I think there is a real and definet doubble standard today for racisom....white people must be the apitomy of politically correct or we find our selve in a shite storm.......on the other hand blacks...sorry African Americans can say any damn thing they want, and use on of the 1,000s of programs dedicated to them.....where was the united white collage fund when I couldn't afford to go to colleage? Now before the flameing starts let me say this.....If your black hispanic, Indian white....what ever...It dosn't matter....are all whites born rich and wearing a sheet? are all mexicans lazy and gang members...OBVIOUSLY not.......Lets be real people.....Just because somebodys Great great great great great grand father had slaves dosn't give you the right to special rights now.......Hell most of the men that signed the Decliration of indipendance had slaves. I just hate that there is such a doubble standard now......And don't even get me started on "hate" crimes.....


----------



## akio525 (Sep 4, 2003)

I do have some problems with affirmative action but I think its needed to help equal things out. The day that rich white people stop getting jobs and positions because of their parents is the day Ill stop suporting affirmative action. BTW G.W. Bush is president because of his dad and not because hes the most qualified person in the US. Minorities dont usually have the opportunities as whites if you anyone thinks that racial profiling by police doesnt exist then youre either white or very sheltered.


----------



## Ms_Nattereri (Jan 11, 2003)

I hate Affirmative Action and I think he needs to be abolished. It is no longer needed in todays society. People should be judged based on skill not on the color of their skin.


----------



## 521 1N5 (Apr 25, 2003)

Ms_Nattereri said:


> I hate Affirmative Action and I think he needs to be abolished. It is no longer needed in todays society. People should be judged based on skill not on the color of their skin.


----------



## Black-Phoenix (Oct 21, 2003)

I think Afermative actionm has started to become counter productive......other races are resentfull of the "token" jobs that are given out.....It was important at one time but now dose more harm than good.


----------



## Guest (Nov 24, 2003)

akio525 said:


> Minorities dont usually have the opportunities as whites if you anyone thinks that racial profiling by police doesnt exist then youre either white or very sheltered.

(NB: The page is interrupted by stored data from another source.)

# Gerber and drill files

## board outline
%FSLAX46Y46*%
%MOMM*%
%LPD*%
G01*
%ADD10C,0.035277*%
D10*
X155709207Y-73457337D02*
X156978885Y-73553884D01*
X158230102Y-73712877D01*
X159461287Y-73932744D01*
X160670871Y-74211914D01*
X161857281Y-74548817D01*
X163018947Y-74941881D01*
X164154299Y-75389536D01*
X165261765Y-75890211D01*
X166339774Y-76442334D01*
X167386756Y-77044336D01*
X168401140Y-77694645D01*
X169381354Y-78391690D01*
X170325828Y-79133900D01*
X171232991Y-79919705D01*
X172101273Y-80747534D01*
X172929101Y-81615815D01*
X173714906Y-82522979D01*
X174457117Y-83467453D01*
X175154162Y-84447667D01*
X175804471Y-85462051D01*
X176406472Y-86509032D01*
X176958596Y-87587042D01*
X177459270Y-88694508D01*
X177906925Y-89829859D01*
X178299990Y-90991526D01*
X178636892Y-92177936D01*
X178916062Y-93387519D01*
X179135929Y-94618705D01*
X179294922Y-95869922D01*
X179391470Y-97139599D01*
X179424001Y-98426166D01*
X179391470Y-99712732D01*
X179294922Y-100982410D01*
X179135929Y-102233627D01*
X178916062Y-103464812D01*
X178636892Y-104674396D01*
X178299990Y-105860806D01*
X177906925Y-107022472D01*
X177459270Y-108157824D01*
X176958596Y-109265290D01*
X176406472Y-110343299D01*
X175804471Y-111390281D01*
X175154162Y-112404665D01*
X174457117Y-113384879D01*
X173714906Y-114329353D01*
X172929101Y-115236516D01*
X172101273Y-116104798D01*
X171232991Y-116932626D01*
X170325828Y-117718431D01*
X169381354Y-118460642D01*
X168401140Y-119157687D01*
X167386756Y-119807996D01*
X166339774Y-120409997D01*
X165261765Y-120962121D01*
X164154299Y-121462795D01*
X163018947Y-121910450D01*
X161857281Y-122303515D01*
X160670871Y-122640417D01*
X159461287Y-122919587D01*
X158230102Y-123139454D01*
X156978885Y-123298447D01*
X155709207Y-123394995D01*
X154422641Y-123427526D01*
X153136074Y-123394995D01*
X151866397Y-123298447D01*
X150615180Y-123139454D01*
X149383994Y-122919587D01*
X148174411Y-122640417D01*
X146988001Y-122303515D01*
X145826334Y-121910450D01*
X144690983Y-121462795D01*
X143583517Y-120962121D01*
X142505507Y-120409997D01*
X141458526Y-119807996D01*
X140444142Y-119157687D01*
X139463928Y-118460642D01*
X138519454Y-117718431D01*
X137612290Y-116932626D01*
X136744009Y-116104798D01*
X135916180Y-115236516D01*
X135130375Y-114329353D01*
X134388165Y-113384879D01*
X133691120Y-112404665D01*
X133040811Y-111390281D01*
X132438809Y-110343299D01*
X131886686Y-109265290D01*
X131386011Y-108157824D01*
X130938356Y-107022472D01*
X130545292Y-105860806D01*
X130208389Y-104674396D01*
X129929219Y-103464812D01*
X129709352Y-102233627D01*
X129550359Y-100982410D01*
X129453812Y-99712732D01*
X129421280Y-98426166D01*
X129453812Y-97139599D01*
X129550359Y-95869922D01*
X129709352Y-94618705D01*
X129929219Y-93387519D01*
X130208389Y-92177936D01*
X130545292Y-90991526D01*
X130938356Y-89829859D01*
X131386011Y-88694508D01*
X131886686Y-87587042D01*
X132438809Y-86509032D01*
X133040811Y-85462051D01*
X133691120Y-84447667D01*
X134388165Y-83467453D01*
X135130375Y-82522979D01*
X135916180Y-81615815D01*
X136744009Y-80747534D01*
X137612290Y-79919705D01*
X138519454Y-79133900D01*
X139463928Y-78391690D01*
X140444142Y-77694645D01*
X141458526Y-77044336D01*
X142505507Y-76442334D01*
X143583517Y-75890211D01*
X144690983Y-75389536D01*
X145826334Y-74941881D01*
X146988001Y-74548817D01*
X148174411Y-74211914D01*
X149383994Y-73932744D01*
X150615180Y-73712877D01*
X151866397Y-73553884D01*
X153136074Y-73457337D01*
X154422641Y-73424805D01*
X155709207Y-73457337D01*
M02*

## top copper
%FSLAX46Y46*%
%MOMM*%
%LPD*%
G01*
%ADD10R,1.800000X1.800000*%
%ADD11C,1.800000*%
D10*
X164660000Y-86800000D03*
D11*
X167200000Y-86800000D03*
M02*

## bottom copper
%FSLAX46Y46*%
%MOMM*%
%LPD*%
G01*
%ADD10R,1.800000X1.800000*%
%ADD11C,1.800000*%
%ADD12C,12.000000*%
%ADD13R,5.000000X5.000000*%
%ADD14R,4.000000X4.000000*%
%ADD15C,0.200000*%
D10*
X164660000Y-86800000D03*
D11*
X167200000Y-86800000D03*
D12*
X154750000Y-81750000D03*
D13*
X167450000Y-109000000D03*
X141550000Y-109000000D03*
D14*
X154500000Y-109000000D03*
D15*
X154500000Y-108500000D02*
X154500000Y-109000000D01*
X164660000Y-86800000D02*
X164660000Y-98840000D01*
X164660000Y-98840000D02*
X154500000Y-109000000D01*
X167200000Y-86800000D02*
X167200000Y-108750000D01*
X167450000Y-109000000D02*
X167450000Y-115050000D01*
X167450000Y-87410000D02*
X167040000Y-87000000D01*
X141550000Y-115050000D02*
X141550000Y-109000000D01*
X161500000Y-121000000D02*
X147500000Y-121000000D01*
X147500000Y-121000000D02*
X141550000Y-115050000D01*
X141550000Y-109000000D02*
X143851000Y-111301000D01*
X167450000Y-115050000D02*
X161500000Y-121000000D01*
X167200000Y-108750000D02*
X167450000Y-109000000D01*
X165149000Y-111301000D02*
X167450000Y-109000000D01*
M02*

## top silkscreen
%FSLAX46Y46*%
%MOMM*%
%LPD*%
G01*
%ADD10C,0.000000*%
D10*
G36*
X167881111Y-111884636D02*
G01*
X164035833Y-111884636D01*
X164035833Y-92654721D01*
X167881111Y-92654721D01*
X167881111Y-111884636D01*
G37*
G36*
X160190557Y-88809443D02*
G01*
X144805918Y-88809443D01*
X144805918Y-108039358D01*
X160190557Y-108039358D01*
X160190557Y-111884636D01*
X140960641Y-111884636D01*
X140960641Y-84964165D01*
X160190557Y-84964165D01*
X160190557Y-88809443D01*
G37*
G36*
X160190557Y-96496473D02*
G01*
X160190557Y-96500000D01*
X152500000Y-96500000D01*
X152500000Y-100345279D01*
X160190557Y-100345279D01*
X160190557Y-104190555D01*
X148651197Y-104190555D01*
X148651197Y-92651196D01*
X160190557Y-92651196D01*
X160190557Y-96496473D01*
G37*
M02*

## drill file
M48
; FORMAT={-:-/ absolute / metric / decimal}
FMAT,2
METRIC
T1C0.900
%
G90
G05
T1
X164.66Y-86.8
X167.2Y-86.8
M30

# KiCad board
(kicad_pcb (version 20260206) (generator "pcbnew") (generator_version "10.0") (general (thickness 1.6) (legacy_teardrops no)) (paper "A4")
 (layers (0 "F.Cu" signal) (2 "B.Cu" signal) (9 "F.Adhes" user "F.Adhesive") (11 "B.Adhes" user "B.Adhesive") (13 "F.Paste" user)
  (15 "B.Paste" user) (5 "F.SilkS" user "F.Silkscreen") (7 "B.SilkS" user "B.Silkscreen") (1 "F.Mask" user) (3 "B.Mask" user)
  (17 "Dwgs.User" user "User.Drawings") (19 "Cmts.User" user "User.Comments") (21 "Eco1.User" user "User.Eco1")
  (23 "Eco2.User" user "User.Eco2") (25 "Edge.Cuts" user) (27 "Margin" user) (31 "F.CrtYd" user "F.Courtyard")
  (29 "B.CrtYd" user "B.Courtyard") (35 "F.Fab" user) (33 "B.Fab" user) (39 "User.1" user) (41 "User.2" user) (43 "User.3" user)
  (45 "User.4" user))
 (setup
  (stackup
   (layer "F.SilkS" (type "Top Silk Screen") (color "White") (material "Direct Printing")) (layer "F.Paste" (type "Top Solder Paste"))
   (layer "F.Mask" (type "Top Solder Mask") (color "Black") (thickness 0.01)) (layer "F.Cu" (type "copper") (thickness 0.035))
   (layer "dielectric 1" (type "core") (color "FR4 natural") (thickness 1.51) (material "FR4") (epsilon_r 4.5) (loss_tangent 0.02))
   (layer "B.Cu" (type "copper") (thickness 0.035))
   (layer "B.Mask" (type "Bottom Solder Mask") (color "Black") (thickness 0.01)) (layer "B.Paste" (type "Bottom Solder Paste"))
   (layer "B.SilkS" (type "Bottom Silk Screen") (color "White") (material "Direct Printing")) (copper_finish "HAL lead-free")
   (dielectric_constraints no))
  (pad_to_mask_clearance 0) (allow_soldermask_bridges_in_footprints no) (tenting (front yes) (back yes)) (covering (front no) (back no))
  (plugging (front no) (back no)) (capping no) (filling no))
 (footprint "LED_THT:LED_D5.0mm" (layer "F.Cu") (at 164.66 86.8)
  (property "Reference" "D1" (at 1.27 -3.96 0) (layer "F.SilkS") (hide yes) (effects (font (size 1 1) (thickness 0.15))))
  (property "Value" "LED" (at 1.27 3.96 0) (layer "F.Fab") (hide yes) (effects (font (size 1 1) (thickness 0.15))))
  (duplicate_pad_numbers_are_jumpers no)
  (pad "1" thru_hole rect (at 0 0) (size 1.8 1.8) (drill 0.9) (layers "*.Cu" "*.Mask") (remove_unused_layers no) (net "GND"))
  (pad "2" thru_hole circle (at 2.54 0) (size 1.8 1.8) (drill 0.9) (layers "*.Cu" "*.Mask") (remove_unused_layers no) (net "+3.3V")))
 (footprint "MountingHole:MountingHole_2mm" (layer "B.Cu") (at 154.75 81.75 180)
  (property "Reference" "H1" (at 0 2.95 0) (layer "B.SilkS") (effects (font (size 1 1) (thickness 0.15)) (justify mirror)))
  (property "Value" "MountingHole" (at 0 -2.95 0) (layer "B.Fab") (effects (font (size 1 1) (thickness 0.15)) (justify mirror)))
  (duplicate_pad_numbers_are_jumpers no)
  (pad "" smd circle (at 0 0 180) (size 12 12) (layers "B.Cu" "B.Mask" "B.Paste") (thermal_bridge_angle 90)))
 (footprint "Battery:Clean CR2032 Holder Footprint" (layer "B.Cu") (at 154.5 109 180)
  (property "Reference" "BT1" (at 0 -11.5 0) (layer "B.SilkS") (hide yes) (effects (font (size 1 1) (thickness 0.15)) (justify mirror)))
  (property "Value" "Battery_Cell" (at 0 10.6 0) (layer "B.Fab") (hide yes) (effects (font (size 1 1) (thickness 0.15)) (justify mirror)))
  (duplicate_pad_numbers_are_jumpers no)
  (pad "1" smd rect (at -12.95 0 180) (size 5 5) (layers "B.Cu" "B.Mask" "B.Paste") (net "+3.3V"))
  (pad "1" smd rect (at 12.95 0 180) (size 5 5) (layers "B.Cu" "B.Mask" "B.Paste") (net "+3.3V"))
  (pad "2" smd rect (at 0 0 180) (size 4 4) (layers "B.Cu" "B.Mask" "B.Paste") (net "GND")))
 (gr_poly
  (pts (xy 167.881111 111.884636) (xy 164.035833 111.884636) (xy 164.035833 92.654721) (xy 167.881111 92.654721))
  (stroke (width 0) (type solid)) (fill yes) (layer "F.SilkS"))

 I didn't say that racial profiling didn't excist, it certainly does. You stated that minorities have a greater chance of going to prison *because *of racial profiling, which ignores the fact that we have a justice system and people go to jail for committing crimes.

There are deeply ingrained cultural prejudices in every ethnic group towards other ethnic groups and EVERYBODY has to work hard to be a success in life. There are very few white people who are successful because their parents gave them high paying jobs.


----------



## MinionZer0 (Sep 26, 2003)

akio525 said:


> I do have some problems with affirmative action but I think its needed to help equal things out. The day that rich white people stop getting jobs and positions because of their parents is the day Ill stop suporting affirmative action. BTW G.W. Bush is president because of his dad and not because hes the most qualified person in the US. Minorities dont usually have the opportunities as whites if you anyone thinks that racial profiling by police doesnt exist then youre either white or very sheltered.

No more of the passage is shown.